BEGIN Supplied entries

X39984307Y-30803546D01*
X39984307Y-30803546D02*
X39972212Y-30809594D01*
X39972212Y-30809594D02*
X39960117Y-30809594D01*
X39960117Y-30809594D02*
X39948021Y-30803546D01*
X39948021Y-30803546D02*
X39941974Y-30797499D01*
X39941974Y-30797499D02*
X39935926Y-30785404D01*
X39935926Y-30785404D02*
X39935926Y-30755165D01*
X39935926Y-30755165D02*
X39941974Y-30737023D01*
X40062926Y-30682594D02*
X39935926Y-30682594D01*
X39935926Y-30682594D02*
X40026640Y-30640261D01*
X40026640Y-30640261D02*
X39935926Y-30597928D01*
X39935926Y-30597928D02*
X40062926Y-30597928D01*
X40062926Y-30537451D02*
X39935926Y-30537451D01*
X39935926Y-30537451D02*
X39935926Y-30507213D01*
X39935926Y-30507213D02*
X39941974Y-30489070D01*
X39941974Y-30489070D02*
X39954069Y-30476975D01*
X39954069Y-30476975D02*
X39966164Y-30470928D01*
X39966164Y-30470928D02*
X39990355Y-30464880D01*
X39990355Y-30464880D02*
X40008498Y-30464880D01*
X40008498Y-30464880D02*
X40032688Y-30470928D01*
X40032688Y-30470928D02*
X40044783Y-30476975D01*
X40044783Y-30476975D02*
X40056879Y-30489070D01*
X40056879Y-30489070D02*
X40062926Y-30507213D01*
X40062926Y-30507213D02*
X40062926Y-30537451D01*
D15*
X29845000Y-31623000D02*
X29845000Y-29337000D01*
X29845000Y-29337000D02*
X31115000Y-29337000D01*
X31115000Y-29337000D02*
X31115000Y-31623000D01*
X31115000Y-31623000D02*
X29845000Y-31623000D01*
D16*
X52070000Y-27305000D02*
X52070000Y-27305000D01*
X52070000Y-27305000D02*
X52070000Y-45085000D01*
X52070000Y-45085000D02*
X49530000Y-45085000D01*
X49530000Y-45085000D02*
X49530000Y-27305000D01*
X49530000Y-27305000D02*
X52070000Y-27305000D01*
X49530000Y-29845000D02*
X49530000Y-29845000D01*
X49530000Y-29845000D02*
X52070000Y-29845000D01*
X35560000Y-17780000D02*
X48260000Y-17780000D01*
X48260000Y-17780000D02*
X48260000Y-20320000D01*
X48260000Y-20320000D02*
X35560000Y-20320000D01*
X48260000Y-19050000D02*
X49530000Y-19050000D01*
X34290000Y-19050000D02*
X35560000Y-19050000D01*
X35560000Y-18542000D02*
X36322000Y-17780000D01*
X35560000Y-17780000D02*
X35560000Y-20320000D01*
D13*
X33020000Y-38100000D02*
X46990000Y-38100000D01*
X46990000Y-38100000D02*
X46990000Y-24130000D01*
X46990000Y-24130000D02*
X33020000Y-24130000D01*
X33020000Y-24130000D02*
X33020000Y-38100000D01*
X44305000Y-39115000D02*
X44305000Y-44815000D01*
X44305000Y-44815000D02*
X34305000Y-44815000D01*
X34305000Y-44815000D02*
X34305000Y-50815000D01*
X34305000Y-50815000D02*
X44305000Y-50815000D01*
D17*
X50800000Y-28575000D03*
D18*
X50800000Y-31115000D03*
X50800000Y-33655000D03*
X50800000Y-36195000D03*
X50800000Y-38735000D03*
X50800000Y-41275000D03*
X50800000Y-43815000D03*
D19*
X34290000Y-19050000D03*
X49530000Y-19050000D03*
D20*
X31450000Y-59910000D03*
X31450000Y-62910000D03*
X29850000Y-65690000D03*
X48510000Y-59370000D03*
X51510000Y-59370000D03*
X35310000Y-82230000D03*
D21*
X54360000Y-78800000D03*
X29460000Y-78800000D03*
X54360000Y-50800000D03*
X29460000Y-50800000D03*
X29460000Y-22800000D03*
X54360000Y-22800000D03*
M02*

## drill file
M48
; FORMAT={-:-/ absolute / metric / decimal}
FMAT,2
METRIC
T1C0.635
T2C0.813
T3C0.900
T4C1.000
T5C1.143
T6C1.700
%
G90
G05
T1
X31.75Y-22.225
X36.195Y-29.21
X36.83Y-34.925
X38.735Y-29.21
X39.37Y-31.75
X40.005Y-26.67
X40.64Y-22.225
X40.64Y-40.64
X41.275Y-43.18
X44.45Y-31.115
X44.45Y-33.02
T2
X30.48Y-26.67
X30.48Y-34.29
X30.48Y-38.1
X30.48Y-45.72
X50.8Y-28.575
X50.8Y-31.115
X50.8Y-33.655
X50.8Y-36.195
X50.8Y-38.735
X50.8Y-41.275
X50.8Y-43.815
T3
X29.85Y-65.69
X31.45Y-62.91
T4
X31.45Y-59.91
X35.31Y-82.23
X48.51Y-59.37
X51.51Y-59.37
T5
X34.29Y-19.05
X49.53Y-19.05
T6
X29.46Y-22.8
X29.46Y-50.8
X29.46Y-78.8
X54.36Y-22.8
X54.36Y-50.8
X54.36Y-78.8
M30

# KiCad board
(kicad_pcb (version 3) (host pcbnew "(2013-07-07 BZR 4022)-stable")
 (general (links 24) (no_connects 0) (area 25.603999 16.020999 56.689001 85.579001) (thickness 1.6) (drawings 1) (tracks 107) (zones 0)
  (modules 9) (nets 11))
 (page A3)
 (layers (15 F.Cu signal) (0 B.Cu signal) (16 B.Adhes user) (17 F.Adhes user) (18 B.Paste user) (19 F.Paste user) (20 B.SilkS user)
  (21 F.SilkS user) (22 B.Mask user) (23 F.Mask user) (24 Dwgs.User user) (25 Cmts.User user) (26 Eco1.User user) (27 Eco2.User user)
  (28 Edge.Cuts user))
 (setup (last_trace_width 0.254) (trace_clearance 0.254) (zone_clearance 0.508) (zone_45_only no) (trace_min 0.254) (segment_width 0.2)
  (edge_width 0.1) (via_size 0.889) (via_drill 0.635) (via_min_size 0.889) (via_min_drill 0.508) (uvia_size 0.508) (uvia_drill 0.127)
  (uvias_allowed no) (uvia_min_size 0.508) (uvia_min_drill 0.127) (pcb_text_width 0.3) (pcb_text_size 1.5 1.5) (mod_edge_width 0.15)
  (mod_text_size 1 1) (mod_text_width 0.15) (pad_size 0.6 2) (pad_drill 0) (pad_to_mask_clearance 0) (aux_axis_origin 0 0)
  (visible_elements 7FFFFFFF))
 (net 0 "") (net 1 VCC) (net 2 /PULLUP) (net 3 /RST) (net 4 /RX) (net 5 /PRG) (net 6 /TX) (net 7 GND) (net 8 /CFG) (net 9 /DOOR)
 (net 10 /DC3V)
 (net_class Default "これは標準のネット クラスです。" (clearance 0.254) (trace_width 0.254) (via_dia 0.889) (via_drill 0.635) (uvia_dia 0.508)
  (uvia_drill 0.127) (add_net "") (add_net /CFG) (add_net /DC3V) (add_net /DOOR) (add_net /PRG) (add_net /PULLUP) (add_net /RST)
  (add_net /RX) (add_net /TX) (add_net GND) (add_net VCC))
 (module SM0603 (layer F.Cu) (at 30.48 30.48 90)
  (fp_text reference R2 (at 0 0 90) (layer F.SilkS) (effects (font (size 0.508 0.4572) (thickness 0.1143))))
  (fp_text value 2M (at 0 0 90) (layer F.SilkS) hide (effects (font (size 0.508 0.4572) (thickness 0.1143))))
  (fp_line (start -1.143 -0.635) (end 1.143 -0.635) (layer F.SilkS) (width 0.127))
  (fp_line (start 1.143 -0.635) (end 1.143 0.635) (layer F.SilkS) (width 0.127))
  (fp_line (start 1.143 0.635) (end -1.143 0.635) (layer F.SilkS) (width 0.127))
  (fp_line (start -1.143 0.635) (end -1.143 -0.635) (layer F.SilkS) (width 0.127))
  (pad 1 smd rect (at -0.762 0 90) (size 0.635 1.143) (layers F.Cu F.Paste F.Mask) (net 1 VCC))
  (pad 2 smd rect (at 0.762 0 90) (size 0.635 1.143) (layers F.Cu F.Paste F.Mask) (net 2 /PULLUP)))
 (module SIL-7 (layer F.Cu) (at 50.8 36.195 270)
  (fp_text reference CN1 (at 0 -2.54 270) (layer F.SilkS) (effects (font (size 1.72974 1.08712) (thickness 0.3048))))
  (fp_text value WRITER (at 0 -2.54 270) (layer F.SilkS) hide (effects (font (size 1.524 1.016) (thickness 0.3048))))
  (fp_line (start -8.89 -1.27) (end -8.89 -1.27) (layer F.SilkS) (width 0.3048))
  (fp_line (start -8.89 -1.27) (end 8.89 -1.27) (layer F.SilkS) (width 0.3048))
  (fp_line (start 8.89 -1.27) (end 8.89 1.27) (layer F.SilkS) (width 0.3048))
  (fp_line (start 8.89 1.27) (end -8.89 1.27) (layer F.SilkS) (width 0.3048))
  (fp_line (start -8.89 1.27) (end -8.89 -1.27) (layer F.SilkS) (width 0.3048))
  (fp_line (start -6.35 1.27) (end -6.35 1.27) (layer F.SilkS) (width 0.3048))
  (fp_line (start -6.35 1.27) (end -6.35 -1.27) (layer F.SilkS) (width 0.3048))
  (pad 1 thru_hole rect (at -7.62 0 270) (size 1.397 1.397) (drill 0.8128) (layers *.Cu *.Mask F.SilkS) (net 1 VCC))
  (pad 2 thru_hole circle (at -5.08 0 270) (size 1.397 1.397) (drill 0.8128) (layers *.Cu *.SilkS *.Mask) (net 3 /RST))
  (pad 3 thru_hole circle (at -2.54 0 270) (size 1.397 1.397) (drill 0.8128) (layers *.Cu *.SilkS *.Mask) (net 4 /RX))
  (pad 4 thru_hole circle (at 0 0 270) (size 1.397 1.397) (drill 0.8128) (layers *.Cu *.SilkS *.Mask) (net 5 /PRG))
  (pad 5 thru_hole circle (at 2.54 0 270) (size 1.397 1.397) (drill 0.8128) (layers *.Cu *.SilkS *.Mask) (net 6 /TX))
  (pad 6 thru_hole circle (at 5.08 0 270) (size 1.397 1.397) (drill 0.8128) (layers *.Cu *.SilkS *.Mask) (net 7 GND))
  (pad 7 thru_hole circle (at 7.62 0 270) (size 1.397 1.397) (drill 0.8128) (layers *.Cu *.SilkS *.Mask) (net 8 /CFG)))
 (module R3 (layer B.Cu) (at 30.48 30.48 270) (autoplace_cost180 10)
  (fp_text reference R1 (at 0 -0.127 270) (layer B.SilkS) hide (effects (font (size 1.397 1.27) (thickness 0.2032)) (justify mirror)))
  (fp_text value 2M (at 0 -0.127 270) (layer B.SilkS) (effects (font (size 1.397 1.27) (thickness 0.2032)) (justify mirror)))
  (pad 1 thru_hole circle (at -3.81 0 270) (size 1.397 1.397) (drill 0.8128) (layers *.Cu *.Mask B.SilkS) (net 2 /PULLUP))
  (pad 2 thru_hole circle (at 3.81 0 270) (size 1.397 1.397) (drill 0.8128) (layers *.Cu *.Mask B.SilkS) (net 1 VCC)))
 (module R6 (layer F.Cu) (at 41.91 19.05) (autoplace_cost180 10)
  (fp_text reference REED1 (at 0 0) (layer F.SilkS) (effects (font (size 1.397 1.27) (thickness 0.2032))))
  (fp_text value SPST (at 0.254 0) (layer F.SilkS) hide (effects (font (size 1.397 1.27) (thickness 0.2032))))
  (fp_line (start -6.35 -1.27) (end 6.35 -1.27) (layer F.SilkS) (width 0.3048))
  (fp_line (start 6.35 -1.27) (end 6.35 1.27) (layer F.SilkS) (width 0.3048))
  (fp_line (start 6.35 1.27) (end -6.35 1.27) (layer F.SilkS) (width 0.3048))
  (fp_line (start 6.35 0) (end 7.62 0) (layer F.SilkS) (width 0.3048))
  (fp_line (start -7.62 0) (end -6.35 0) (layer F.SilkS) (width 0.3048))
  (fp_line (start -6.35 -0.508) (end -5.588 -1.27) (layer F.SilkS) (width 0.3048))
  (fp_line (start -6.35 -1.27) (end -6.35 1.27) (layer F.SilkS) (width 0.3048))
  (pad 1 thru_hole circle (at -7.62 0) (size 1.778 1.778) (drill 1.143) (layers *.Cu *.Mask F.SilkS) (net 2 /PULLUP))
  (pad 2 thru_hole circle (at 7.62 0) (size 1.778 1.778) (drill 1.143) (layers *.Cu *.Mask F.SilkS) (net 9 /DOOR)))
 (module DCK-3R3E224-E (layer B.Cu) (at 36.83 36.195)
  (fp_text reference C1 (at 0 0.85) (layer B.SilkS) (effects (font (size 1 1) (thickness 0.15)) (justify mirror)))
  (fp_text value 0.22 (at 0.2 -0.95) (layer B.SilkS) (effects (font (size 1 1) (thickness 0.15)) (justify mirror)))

END Supplied entries

* _What you will do_
Only a number is wanted: how many lines above include "font"?

* _Solution to this exercise_
10